* **What you have to do**
Going down the data below, set down exactly the line with "X123809190Y-83532599D01*" and each line after it through the line with "X123904428Y-81580218D02*"; no other lines.

* **Recorded information**

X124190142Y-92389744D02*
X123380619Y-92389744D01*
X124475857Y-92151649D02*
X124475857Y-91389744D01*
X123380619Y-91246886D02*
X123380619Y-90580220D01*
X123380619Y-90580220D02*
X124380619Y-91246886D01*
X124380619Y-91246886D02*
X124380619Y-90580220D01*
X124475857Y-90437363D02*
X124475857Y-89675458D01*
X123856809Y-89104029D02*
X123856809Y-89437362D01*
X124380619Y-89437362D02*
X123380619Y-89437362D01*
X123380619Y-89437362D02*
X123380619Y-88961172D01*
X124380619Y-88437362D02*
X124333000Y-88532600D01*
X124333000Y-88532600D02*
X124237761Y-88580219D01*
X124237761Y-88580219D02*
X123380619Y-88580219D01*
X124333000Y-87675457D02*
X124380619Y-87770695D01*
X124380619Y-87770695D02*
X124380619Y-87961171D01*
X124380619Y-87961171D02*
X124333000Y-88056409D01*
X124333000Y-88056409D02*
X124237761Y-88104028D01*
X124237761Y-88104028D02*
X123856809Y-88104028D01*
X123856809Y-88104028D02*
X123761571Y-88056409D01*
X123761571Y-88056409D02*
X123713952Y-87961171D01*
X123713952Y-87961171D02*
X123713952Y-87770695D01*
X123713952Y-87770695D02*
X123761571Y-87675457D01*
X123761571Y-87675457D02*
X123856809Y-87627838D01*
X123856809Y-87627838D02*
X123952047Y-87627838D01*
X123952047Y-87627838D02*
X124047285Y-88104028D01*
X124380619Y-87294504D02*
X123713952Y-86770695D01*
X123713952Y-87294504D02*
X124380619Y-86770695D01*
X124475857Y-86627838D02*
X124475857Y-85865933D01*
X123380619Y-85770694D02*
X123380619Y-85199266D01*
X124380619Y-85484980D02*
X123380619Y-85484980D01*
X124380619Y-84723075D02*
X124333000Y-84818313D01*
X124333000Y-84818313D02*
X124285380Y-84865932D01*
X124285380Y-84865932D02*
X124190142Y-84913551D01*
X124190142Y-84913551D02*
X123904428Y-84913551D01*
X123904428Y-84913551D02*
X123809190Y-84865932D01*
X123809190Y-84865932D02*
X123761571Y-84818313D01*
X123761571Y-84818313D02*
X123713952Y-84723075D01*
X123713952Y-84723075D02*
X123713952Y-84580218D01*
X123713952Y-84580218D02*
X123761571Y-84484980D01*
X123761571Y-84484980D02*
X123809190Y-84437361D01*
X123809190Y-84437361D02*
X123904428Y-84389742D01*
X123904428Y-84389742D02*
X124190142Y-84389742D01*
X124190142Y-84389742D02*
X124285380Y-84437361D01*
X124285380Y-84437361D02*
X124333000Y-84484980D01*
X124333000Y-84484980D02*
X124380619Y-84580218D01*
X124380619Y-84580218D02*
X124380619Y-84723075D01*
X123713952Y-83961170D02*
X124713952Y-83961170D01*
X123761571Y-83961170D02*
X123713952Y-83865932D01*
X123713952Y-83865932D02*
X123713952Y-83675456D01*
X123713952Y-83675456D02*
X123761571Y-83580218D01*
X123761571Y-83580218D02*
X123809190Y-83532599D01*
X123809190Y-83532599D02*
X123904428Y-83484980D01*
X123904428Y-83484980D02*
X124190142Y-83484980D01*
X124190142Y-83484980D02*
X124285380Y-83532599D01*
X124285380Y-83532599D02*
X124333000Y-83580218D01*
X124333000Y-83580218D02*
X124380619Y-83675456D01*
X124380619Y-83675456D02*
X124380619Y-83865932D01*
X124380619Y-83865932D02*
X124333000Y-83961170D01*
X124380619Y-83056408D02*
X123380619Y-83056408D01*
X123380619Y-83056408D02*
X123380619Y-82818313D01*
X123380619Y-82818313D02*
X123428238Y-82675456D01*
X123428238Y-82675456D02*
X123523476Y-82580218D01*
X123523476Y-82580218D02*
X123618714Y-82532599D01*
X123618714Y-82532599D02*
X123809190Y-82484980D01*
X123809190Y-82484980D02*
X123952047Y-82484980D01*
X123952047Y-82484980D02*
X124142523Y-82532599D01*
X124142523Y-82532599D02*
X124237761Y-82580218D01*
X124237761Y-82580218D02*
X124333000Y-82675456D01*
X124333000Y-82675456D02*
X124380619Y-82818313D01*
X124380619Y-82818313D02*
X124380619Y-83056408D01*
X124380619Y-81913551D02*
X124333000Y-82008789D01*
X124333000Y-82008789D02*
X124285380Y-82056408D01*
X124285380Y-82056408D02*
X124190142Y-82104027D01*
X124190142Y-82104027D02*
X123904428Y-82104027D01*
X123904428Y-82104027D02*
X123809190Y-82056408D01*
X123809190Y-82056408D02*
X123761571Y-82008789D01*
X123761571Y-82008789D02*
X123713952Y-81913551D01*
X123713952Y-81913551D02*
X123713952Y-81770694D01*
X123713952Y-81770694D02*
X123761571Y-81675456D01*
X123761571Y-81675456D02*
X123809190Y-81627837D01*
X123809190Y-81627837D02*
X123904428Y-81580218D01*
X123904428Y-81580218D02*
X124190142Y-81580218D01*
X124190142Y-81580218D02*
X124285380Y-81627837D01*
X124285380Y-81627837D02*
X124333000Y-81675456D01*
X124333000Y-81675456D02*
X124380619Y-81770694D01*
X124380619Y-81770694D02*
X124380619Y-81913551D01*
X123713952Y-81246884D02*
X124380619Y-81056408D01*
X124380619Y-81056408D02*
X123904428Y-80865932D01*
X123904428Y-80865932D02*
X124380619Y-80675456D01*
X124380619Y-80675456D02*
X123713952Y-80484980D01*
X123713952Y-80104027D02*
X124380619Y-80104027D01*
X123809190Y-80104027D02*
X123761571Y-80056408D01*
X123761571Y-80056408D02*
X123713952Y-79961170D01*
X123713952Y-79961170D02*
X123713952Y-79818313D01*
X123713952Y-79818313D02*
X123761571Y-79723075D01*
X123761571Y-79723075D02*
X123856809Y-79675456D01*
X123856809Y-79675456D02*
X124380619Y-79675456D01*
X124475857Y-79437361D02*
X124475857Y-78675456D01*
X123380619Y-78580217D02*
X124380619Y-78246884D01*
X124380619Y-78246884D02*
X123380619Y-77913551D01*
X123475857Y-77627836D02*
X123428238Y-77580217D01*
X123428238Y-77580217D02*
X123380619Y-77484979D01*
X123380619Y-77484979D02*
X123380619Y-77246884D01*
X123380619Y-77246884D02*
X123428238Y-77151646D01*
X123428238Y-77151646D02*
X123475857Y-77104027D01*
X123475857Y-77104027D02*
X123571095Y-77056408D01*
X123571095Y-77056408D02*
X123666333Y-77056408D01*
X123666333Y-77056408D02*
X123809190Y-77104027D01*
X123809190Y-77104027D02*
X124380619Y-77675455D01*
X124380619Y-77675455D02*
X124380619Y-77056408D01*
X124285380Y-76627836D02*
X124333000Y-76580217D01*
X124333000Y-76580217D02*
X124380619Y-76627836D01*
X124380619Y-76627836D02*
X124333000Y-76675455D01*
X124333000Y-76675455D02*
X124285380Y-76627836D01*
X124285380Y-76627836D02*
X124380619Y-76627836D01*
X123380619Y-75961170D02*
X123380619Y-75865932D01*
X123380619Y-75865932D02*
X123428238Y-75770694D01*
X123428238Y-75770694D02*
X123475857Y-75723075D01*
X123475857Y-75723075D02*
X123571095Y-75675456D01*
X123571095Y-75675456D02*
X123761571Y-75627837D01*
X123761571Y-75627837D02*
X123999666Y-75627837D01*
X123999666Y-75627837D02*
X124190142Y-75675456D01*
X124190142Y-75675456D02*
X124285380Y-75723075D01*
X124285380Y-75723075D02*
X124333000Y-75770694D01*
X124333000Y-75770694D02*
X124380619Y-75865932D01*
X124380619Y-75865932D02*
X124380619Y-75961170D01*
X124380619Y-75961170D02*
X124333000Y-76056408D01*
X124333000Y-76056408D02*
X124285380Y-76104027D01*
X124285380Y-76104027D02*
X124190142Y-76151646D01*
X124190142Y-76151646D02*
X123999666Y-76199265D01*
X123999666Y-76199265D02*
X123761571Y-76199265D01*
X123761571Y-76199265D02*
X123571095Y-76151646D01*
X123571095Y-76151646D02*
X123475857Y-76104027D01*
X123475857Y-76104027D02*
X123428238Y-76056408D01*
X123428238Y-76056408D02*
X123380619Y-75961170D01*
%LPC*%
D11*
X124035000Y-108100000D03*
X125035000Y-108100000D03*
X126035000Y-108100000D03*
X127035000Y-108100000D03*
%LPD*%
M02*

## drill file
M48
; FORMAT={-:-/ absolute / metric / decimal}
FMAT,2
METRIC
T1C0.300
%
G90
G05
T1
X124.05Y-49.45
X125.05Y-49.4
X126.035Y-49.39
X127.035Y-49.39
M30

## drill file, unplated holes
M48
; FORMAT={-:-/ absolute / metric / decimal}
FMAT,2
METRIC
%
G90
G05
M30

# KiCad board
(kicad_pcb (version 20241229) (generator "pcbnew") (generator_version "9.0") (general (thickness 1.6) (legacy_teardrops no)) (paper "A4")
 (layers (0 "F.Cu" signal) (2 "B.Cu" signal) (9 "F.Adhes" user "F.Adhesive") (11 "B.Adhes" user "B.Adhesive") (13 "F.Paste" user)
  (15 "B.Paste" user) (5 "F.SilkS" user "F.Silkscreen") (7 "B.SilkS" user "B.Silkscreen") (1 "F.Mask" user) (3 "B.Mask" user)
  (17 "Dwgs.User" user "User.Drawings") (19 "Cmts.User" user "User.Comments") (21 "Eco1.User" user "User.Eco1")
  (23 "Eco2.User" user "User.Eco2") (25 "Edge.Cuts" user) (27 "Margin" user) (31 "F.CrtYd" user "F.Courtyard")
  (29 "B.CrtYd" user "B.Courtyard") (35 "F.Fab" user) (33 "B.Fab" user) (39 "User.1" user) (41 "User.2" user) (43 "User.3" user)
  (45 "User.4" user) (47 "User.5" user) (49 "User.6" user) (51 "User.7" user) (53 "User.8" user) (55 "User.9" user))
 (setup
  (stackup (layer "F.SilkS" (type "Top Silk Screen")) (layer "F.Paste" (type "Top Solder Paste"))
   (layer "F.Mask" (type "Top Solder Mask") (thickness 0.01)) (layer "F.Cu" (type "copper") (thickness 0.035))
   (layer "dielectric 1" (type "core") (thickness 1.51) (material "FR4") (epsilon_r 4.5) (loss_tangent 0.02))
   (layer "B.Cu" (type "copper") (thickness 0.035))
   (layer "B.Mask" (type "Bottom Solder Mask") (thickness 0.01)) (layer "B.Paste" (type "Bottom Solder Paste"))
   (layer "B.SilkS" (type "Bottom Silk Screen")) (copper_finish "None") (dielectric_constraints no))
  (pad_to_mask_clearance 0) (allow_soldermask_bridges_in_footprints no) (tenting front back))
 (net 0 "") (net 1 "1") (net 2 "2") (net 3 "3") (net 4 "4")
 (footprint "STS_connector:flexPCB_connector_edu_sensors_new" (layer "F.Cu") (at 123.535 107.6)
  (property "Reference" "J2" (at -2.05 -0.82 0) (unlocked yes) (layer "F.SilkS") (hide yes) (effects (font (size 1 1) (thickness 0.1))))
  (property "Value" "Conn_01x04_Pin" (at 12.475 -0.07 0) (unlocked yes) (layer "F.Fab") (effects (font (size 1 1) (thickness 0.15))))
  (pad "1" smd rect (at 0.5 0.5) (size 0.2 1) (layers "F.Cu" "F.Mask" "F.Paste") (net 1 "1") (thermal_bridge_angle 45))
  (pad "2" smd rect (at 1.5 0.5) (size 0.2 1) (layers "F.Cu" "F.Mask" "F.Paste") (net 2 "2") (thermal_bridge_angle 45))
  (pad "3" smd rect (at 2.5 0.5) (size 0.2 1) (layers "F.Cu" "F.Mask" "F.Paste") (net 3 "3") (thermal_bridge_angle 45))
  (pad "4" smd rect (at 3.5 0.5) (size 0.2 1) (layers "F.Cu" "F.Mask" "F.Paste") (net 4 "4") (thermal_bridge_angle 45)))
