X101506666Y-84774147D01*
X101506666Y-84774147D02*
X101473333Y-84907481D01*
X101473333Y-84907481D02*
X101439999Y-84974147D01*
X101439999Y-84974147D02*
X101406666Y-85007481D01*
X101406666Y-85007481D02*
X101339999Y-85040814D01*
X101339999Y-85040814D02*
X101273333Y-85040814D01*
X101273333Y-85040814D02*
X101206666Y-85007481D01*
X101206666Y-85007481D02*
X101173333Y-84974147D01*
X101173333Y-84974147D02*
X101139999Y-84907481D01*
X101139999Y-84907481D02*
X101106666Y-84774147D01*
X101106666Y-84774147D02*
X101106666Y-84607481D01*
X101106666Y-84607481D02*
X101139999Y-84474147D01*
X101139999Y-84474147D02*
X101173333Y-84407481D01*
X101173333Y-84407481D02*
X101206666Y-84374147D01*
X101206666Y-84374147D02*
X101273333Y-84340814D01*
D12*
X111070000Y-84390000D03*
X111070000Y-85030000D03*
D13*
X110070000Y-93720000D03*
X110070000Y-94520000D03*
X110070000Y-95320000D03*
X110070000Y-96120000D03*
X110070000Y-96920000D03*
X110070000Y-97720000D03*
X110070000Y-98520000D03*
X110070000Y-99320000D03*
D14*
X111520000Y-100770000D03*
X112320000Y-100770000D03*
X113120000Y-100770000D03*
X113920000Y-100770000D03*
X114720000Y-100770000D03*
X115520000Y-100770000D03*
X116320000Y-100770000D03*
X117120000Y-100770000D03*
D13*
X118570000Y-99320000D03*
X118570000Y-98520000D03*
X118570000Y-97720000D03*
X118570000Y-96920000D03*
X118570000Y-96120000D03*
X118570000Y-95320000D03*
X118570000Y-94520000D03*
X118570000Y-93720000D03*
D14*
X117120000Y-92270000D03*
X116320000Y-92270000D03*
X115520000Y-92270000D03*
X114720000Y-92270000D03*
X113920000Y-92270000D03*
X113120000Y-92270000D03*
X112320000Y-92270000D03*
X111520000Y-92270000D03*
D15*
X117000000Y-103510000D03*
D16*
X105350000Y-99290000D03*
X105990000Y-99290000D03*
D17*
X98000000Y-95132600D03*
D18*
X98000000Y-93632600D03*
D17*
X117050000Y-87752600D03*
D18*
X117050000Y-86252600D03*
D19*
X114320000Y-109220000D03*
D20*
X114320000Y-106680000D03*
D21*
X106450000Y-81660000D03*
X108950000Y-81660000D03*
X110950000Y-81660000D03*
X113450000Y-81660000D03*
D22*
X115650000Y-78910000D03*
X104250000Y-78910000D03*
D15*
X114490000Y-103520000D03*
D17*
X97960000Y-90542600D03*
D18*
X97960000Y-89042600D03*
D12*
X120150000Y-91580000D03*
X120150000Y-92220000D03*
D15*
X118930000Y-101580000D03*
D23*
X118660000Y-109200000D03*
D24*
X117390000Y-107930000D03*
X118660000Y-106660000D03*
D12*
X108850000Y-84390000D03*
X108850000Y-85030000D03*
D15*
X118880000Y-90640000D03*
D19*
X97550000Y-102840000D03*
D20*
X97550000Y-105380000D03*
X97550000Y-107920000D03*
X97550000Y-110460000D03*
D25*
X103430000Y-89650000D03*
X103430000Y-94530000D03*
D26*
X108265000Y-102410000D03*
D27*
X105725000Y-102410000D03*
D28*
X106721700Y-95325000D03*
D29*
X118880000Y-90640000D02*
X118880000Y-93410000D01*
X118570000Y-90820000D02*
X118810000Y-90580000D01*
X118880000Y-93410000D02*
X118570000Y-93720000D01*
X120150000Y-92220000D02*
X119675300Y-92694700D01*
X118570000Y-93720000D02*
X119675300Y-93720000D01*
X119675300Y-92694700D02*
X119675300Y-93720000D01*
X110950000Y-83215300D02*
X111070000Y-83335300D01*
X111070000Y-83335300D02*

* **Exercise solution**
X123809190Y-83532599D01*
X123809190Y-83532599D02*
X123904428Y-83484980D01*
X123904428Y-83484980D02*
X124190142Y-83484980D01*
X124190142Y-83484980D02*
X124285380Y-83532599D01*
X124285380Y-83532599D02*
X124333000Y-83580218D01*
X124333000Y-83580218D02*
X124380619Y-83675456D01*
X124380619Y-83675456D02*
X124380619Y-83865932D01*
X124380619Y-83865932D02*
X124333000Y-83961170D01*
X124380619Y-83056408D02*
X123380619Y-83056408D01*
X123380619Y-83056408D02*
X123380619Y-82818313D01*
X123380619Y-82818313D02*
X123428238Y-82675456D01*
X123428238Y-82675456D02*
X123523476Y-82580218D01*
X123523476Y-82580218D02*
X123618714Y-82532599D01*
X123618714Y-82532599D02*
X123809190Y-82484980D01*
X123809190Y-82484980D02*
X123952047Y-82484980D01*
X123952047Y-82484980D02*
X124142523Y-82532599D01*
X124142523Y-82532599D02*
X124237761Y-82580218D01*
X124237761Y-82580218D02*
X124333000Y-82675456D01*
X124333000Y-82675456D02*
X124380619Y-82818313D01*
X124380619Y-82818313D02*
X124380619Y-83056408D01*
X124380619Y-81913551D02*
X124333000Y-82008789D01*
X124333000Y-82008789D02*
X124285380Y-82056408D01*
X124285380Y-82056408D02*
X124190142Y-82104027D01*
X124190142Y-82104027D02*
X123904428Y-82104027D01*
X123904428Y-82104027D02*
X123809190Y-82056408D01*
X123809190Y-82056408D02*
X123761571Y-82008789D01*
X123761571Y-82008789D02*
X123713952Y-81913551D01*
X123713952Y-81913551D02*
X123713952Y-81770694D01*
X123713952Y-81770694D02*
X123761571Y-81675456D01*
X123761571Y-81675456D02*
X123809190Y-81627837D01*
X123809190Y-81627837D02*
X123904428Y-81580218D01*
X123904428Y-81580218D02*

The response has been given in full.